When my babysitter texted last night and offered to come this morning, I almost didn’t know what to say. What will I do with my time? Write is what I should do, but what on Earth will I say?
But I accepted her offer and here I am, fingers to keys that feel almost foreign, sitting with my coffee, my sole purpose to try and remember how to pour out some facet of my soul onto this screen.
Did I mention that leading is vulnerable? I find myself a little bit terrified these days by the number of people with an eye on my life. Don’t get me wrong – they – you all – are so very dear to me. Like, more precious than I can put into words.
But showing up and pouring myself out to Jesus before my church family Sunday morning after Sunday morning, and then showing up here and being poured out in a different way — I think the combination of those two has left me needing to hole up a little bit here.
Then there’s this: Busy ain’t the word. Y’all? I am getting to do so much. To give so much expression to my heart, to impart bits of who I am to those around me, and it’s all happening within my real life community. Within my church family.
This honestly feels a little like uncharted territory to me and while it is exhilarating, and thankful doesn’t even come close to describing the state of my heart, it’s also quite scary.
Within my role as worship pastor for our church community, I have the privilege of coaching and leading and developing our worship team members (and up-and-coming members), and that responsibility is life to my heart like I can’t even tell you. I couldn’t be more grateful. And yet, being in the place of occasionally having to say hard things to people I care about is incredibly— you guessed it—
Vulnerable. And just plain hard.
Can I tell you the other thing I get to do? 4th Fridays. I am ramping up to lead an evening, once a month, to reach out to creatives both within and outside of our church family. You guys, I SO rarely can say with relative confidence that I believe God “spoke” one thing or another to me, and if I’m honest I think I generally try and avoid saying that for reasons I’ll get into, maybe, at another time.

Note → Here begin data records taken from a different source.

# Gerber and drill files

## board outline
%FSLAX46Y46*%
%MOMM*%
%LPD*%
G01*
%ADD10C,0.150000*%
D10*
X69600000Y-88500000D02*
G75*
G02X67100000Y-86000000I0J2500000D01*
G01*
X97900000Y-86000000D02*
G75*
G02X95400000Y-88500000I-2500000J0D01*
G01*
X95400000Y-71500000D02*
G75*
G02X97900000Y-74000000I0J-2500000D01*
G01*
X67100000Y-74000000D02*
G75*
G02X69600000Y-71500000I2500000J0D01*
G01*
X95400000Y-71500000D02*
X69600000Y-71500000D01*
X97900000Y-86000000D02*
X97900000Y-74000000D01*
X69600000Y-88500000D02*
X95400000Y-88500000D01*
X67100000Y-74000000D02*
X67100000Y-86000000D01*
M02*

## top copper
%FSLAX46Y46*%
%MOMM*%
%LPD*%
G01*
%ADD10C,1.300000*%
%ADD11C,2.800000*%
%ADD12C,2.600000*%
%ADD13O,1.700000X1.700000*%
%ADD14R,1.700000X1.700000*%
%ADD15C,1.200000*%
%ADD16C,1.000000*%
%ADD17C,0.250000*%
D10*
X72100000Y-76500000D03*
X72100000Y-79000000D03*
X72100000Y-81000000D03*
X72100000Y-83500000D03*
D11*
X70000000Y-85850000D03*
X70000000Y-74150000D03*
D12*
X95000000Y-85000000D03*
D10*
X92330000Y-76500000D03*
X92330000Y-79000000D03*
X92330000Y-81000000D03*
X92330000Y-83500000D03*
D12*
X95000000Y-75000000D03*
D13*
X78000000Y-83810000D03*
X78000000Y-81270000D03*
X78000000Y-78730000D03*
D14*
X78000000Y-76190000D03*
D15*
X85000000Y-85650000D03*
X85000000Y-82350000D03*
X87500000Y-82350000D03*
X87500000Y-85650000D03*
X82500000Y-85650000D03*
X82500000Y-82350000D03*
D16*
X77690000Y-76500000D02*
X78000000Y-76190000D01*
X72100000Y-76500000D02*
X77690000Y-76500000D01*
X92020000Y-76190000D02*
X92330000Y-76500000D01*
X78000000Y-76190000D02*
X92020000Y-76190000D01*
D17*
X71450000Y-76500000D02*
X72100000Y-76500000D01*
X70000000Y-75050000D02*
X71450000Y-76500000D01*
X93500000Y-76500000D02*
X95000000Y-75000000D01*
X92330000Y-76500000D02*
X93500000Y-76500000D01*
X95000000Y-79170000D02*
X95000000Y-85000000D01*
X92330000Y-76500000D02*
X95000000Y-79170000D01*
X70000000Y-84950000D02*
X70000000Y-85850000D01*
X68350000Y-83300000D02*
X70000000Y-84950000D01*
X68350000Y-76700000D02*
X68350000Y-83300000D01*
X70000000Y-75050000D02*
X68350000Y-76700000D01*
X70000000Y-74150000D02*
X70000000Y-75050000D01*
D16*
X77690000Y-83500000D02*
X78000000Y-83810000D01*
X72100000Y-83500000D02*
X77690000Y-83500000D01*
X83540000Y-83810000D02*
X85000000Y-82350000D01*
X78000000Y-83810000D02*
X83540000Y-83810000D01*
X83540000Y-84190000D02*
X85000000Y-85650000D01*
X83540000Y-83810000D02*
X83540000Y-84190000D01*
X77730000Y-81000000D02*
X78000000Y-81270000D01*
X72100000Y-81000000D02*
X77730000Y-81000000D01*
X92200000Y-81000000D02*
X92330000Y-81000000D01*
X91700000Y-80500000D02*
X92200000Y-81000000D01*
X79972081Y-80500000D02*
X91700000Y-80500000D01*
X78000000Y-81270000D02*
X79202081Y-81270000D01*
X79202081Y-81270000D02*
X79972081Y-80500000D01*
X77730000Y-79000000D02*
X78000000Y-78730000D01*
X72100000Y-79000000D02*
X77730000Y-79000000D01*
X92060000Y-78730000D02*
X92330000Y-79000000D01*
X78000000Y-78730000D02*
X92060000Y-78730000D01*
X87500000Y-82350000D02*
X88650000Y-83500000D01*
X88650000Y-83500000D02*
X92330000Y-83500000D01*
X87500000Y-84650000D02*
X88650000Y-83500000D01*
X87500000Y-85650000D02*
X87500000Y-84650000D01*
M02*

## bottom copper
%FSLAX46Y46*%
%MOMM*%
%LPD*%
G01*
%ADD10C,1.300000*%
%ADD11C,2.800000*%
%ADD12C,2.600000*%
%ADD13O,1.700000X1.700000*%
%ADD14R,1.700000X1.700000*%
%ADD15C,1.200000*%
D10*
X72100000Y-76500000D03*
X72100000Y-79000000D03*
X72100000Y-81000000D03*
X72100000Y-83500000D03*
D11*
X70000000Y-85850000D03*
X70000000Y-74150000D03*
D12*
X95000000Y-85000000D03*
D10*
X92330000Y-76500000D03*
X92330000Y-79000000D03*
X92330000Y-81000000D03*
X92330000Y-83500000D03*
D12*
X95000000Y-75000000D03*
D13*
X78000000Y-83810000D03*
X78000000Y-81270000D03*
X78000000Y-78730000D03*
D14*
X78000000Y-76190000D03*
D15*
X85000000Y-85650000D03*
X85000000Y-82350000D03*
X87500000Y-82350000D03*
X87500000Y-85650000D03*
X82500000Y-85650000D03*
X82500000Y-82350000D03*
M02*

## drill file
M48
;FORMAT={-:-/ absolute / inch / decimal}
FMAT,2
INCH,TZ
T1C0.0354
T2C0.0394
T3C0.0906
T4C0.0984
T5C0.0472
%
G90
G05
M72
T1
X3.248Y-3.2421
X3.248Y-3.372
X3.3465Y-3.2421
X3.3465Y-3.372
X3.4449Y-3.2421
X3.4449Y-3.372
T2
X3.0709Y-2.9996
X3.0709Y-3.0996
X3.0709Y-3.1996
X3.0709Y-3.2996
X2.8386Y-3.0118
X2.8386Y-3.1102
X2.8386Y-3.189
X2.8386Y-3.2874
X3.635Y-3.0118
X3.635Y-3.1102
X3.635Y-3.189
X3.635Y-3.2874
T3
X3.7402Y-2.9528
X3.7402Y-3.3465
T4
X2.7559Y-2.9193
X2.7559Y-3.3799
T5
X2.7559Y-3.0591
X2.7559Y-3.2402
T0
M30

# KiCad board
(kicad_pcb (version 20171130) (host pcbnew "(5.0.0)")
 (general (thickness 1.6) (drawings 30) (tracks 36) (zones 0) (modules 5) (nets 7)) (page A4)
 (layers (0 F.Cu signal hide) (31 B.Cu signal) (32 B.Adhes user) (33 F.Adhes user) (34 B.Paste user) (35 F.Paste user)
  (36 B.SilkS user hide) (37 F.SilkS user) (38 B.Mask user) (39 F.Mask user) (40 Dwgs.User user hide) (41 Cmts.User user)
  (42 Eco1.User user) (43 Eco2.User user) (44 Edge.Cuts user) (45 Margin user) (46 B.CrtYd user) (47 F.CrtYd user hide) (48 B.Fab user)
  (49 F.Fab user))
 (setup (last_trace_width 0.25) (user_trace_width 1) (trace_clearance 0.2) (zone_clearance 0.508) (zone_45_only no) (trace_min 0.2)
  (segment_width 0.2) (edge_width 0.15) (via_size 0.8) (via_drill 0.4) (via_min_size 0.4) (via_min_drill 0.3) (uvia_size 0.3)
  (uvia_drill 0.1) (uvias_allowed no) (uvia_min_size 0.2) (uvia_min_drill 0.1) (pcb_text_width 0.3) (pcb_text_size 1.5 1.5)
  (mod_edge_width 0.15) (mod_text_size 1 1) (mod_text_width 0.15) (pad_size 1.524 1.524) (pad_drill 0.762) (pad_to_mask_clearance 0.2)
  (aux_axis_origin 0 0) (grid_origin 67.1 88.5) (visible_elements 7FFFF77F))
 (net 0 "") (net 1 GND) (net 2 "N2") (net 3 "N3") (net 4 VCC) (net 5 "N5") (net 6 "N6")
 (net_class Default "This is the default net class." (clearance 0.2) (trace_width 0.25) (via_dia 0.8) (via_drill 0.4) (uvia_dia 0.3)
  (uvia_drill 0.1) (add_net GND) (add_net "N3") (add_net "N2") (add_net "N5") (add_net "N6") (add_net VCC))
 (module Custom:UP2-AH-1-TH (layer F.Cu) (at 70 80 270)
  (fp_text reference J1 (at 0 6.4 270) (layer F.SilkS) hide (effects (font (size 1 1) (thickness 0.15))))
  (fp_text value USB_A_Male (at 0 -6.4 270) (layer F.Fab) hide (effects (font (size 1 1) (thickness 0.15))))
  (pad 4 thru_hole circle (at -3.5 -2.1 270) (size 1.3 1.3) (drill 1) (layers *.Cu *.Mask) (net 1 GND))
  (pad 3 thru_hole circle (at -1 -2.1 270) (size 1.3 1.3) (drill 1) (layers *.Cu *.Mask) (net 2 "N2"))
  (pad 2 thru_hole circle (at 1 -2.1 270) (size 1.3 1.3) (drill 1) (layers *.Cu *.Mask) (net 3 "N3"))
  (pad 1 thru_hole circle (at 3.5 -2.1 270) (size 1.3 1.3) (drill 1) (layers *.Cu *.Mask) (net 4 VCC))
  (pad 5 thru_hole circle (at 5.85 0 270) (size 2.8 2.8) (drill 2.5) (layers *.Cu *.Mask) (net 1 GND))
  (pad 5 thru_hole circle (at -5.85 0 270) (size 2.8 2.8) (drill 2.5) (layers *.Cu *.Mask) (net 1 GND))
  (pad "" np_thru_hole circle (at 2.3 0 270) (size 1.2 1.2) (drill 1.2) (layers *.Cu *.Mask))
  (pad "" np_thru_hole circle (at -2.3 0 270) (size 1.2 1.2) (drill 1.2) (layers *.Cu *.Mask)))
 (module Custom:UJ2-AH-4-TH (layer F.Cu) (at 95 80 90)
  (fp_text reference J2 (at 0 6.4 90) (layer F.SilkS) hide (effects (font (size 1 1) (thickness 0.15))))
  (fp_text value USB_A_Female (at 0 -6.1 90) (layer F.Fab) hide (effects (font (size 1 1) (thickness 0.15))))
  (pad 5 thru_hole circle (at -5 0 90) (size 2.6 2.6) (drill 2.3) (layers *.Cu *.Mask) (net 1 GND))
  (pad 4 thru_hole circle (at 3.5 -2.67 90) (size 1.3 1.3) (drill 1) (layers *.Cu *.Mask) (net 1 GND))
  (pad 3 thru_hole circle (at 1 -2.67 90) (size 1.3 1.3) (drill 1) (layers *.Cu *.Mask) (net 2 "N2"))
  (pad 2 thru_hole circle (at -1 -2.67 90) (size 1.3 1.3) (drill 1) (layers *.Cu *.Mask) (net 3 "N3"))
  (pad 1 thru_hole circle (at -3.5 -2.67 90) (size 1.3 1.3) (drill 1) (layers *.Cu *.Mask) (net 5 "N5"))
  (pad 5 thru_hole circle (at 5 0 90) (size 2.6 2.6) (drill 2.3) (layers *.Cu *.Mask) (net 1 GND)))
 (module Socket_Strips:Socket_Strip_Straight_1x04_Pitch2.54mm (layer F.Cu) (at 78 76.19)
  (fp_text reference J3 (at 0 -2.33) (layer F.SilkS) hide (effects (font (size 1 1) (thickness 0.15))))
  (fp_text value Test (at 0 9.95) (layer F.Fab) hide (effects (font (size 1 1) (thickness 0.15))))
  (pad 4 thru_hole oval (at 0 7.62) (size 1.7 1.7) (drill 1) (layers *.Cu *.Mask) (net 4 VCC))
  (pad 3 thru_hole oval (at 0 5.08) (size 1.7 1.7) (drill 1) (layers *.Cu *.Mask) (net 3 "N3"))
  (pad 2 thru_hole oval (at 0 2.54) (size 1.7 1.7) (drill 1) (layers *.Cu *.Mask) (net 2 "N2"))
  (pad 1 thru_hole rect (at 0 0) (size 1.7 1.7) (drill 1) (layers *.Cu *.Mask) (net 1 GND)))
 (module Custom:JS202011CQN (layer F.Cu) (at 85 84)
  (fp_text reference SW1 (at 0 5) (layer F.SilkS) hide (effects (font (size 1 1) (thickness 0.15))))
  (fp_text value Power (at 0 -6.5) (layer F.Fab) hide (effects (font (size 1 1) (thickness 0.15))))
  (pad 2 thru_hole circle (at 0 1.65) (size 1.2 1.2) (drill 0.9) (layers *.Cu *.Mask) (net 4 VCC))
  (pad 2 thru_hole circle (at 0 -1.65) (size 1.2 1.2) (drill 0.9) (layers *.Cu *.Mask) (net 4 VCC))
  (pad 3 thru_hole circle (at 2.5 -1.65) (size 1.2 1.2) (drill 0.9) (layers *.Cu *.Mask) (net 5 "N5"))
  (pad 3 thru_hole circle (at 2.5 1.65) (size 1.2 1.2) (drill 0.9) (layers *.Cu *.Mask) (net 5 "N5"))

A good couple of months ago this whisper began to nudge my heart, and try as I might to throw logic and excuses at it, I just could not shake it. The whisper was this: “The artists need pastored. Shepherd the creatives. Cultivate a haven for them.”
Over days and weeks, the whisper has woven its way deeper into my core, has become more like a pounding on my insides. I’ve sat on it. I’ve let Stan and a couple of close friends in on it. I’ve prayed into it.

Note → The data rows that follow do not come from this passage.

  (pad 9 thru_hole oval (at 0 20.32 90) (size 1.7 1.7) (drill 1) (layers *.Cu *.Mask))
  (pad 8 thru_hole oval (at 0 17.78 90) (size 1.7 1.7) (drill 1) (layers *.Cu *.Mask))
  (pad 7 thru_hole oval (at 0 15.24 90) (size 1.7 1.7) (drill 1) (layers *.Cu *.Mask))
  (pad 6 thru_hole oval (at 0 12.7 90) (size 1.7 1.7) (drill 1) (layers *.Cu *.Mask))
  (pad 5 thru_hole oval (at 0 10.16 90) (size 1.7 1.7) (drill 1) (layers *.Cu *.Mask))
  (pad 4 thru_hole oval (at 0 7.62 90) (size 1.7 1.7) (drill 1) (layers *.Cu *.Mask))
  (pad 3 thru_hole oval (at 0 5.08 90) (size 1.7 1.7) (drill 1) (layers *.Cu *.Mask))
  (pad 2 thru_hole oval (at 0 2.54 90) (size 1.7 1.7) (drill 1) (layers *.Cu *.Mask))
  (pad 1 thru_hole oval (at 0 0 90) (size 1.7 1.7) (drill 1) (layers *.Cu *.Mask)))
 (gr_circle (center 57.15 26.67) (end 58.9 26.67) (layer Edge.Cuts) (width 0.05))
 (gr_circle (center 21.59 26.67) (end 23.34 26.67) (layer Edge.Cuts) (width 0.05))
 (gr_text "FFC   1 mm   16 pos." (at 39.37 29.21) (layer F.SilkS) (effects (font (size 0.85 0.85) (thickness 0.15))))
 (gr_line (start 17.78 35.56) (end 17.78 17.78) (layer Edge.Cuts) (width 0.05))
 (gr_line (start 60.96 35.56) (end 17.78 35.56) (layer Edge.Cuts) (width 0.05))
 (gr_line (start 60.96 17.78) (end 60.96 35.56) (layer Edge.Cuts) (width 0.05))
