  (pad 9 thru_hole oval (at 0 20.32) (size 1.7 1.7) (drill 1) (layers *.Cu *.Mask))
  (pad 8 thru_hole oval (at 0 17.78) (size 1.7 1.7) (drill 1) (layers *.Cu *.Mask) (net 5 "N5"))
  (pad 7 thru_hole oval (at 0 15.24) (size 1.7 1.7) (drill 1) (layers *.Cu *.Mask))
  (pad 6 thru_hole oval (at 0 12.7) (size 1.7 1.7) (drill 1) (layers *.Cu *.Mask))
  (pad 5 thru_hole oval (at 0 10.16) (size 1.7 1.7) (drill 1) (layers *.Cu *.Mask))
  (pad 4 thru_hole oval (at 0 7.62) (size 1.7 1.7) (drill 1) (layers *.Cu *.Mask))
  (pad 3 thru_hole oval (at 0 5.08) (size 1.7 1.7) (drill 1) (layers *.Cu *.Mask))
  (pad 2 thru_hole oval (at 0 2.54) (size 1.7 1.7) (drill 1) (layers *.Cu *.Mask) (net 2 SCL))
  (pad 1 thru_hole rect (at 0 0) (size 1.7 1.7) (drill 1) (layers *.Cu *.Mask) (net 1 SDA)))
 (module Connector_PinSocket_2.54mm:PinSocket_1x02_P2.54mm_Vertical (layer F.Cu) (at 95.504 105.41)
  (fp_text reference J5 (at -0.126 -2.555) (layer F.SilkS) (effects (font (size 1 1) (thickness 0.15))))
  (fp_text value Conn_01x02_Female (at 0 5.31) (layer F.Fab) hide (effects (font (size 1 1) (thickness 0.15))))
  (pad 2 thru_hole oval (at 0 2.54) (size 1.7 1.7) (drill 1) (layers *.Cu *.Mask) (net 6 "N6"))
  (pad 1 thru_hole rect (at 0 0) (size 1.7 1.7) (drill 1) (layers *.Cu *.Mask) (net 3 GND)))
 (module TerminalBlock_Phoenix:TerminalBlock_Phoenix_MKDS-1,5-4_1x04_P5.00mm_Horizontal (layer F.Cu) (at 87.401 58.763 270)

And in the quiet corners of my relationships with Jesus and with Stan, I’ve whispered my fears. Told them this feels like such a scary risk. Told them this is vul.ner.a.ble.
Heck, even writing these words to you today has me physically shaking.
But Stan’s sole response has been to cheer me on. To encourage me forward. He prays with me for 4th Fridays and gets jazzed about the ways he foresees God moving through these times together with fellow artists.
And Jesus? Well, He just reminds and reminds me that the Father chooses the weak and the foolish and the lowly, and can I just tell you? I am all of those things. But in all the upside-down, inside-out-ness of the Kingdom, those are the things God uses to shame the wise and the strong, to “nullify the things that are,” so that no one can boast (2 Cor. 1:27-29).
Our pastoral team has given me a wholehearted green light to move forward, and their trust in me is all at once healing to my heart and — yup — terrifying, because now I’ve gotta actually do the thing I’m telling them I want to do.
And gosh, if you’re still reading at this point (and bless your heart if you are), I realize I might sound a bit nuts with all this I’m so excited but I’m so afraid stuff. But I’m pretty sure this is what it’s supposed to feel like when you’ve been so long in quiet, mostly-hidden places, and then doors swing wide and you’re invited to actually step into a bit of what you were maybe made for.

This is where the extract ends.